By: Cameron A. Straughan

Copyright Oct. 24, 1993

Jesus is on the cliff-top, arms outstretched. The wind whips past. Crown of thorns and beads of sweat. Leeches on his feet. I clutch desperately at his feet, for fear of falling straight down the cliff face. The leeches crawl onto my hands. Yet, they do not draw blood. Jesus is laughing. Is he really Jesus? He turns and walks away. I am left hanging there. A man approaches in a dark trench coat and bowler hat. He sets down his briefcase.

“Are you alright?” he looks down at me.

He scratches himself. He has a lump of salt in his hand, which he smears in my face. I cry out, trying to grab onto his feet. I miss Jesus. The man tosses the salt away, stretches out his arms and leaps off the cliff. I am deeply moved by his gesture. The ocean spray surrounds him now, but he doesn’t fall! Floating next to me, removing his bowler hat, he is a man with red hair, then yellow hair, sometimes naked, sometimes not. He points towards the horizon. Understanding the significance of this, without a word being uttered, I await the sunset, barely hanging on. I close my eyes.
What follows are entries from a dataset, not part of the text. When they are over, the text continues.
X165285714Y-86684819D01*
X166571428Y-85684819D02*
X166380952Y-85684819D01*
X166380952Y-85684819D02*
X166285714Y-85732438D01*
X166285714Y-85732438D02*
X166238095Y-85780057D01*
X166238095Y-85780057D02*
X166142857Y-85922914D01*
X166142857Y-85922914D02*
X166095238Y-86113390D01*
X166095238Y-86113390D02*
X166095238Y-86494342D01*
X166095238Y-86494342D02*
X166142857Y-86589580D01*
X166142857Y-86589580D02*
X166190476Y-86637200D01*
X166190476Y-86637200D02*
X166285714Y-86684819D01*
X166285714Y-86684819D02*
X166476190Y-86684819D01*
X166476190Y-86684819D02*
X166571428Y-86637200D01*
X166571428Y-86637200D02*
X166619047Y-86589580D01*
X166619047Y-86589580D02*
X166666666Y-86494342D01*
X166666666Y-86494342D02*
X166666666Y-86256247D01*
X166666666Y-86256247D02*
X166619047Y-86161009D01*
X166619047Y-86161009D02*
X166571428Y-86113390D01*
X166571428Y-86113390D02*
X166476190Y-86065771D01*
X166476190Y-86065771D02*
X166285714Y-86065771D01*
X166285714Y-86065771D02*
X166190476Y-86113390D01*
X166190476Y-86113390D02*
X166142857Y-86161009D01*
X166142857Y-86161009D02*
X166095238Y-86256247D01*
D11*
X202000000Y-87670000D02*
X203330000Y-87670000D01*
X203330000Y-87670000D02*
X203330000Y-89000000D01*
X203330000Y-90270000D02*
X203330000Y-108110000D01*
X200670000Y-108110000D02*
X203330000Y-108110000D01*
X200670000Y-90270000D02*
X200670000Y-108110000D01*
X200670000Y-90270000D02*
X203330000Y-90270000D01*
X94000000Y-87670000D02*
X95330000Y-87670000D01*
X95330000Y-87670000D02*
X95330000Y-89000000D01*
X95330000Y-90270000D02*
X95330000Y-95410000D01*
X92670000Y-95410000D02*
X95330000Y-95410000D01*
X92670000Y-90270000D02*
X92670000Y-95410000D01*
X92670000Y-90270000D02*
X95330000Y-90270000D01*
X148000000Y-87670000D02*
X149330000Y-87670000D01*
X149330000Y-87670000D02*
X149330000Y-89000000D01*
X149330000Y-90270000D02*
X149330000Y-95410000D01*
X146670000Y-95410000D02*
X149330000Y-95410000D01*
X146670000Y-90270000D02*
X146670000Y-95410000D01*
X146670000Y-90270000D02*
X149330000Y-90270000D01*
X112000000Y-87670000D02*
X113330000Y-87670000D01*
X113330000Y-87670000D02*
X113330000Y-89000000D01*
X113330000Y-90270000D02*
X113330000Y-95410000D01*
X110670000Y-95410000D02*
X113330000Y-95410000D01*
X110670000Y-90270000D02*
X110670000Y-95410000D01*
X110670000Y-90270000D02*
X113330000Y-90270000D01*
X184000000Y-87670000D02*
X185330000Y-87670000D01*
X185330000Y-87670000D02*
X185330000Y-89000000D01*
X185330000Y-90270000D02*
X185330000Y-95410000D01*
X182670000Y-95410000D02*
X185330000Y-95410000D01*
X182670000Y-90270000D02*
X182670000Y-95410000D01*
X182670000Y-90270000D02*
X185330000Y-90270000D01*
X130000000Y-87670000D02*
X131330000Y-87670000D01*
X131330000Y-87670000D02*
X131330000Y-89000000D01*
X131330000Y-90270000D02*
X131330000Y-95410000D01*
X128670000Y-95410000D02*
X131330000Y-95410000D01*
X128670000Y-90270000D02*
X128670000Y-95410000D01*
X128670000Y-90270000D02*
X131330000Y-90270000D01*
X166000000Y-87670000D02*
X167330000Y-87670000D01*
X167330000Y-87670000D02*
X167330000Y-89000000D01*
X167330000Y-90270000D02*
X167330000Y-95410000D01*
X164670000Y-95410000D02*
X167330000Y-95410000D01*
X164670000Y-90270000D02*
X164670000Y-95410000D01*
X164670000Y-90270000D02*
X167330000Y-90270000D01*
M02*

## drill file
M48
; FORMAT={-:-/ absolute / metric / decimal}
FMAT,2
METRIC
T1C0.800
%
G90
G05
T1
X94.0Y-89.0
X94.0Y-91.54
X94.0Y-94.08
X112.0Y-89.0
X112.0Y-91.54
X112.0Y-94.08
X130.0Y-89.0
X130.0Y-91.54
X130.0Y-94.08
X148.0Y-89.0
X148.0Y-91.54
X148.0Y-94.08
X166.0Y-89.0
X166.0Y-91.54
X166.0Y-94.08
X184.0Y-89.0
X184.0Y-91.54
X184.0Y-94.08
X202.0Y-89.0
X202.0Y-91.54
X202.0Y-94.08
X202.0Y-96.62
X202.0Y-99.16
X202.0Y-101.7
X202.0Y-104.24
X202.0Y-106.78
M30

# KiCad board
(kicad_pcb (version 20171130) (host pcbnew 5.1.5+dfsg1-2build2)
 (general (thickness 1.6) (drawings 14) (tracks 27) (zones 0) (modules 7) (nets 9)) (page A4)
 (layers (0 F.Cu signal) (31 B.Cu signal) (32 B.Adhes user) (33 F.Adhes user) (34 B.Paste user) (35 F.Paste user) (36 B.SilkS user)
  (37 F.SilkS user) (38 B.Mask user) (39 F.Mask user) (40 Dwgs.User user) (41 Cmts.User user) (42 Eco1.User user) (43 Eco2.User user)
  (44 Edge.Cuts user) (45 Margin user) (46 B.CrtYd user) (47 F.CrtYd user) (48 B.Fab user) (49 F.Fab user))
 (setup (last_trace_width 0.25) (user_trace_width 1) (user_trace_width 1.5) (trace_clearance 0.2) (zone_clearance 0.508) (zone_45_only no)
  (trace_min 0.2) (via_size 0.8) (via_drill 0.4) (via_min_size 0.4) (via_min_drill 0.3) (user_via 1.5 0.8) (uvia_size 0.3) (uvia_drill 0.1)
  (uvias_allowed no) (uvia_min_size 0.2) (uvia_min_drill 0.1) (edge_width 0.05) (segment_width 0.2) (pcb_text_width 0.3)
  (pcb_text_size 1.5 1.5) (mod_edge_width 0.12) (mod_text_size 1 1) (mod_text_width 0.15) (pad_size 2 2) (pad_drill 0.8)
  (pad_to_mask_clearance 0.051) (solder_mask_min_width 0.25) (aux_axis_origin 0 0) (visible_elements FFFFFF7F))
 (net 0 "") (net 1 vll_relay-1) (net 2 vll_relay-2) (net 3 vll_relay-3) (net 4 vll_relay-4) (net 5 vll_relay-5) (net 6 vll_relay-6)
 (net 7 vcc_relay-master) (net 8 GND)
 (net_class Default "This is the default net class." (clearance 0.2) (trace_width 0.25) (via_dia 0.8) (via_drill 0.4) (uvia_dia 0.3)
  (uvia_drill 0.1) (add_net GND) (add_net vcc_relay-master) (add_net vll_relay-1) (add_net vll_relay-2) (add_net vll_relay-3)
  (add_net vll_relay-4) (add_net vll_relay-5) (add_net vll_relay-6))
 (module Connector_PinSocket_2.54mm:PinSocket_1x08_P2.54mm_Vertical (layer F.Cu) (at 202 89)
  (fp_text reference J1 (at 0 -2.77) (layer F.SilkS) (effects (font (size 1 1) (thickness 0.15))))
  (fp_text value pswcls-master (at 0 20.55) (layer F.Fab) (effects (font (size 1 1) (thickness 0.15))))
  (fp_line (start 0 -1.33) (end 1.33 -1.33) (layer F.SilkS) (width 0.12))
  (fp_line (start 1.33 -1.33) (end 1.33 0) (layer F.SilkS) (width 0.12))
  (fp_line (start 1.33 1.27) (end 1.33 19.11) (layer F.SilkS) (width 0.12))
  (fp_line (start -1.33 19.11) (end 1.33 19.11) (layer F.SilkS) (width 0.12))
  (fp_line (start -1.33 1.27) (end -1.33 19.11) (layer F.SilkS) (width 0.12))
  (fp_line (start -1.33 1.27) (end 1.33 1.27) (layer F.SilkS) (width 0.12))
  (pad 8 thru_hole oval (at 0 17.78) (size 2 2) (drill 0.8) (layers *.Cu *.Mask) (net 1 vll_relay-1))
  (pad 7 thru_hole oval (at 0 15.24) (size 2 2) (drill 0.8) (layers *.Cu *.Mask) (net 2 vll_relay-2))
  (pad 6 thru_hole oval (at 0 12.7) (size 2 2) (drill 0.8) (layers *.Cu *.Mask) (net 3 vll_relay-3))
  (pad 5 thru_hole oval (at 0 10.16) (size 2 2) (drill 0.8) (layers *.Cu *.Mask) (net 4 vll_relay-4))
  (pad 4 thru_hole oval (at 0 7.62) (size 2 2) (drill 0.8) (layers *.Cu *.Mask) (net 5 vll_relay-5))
When I open my eyes, I am laying in a field, naked. The moon appears like a young boy’s face, complete with hat and guitar in hand. The stars move like a man tap dancing on a water splashed street. I roll around the field frantically. Can’t sleep. When will orgasm come? Insects all over me, quite suddenly. I get up and run past the road. Local farmers laugh at the sight of me. I run all the way to the cafe. Seated by the window, in the darkness, no none can see that I’m naked. Yes, the evening is tempting, but I need food, more than anything. I promptly order twenty-five cabbage rolls. But I don’t bother to eat them. Instead, I sit on them and drink my coffee. A man in a suit – with a fat, red face – laughs at my pursuits. He has just finished his cabbage rolls. Alarmed, I leap through a window. He chases me for quite some time, but eventually falls to the ground, crying like a pig. Suddenly, he soars into the sky and explodes.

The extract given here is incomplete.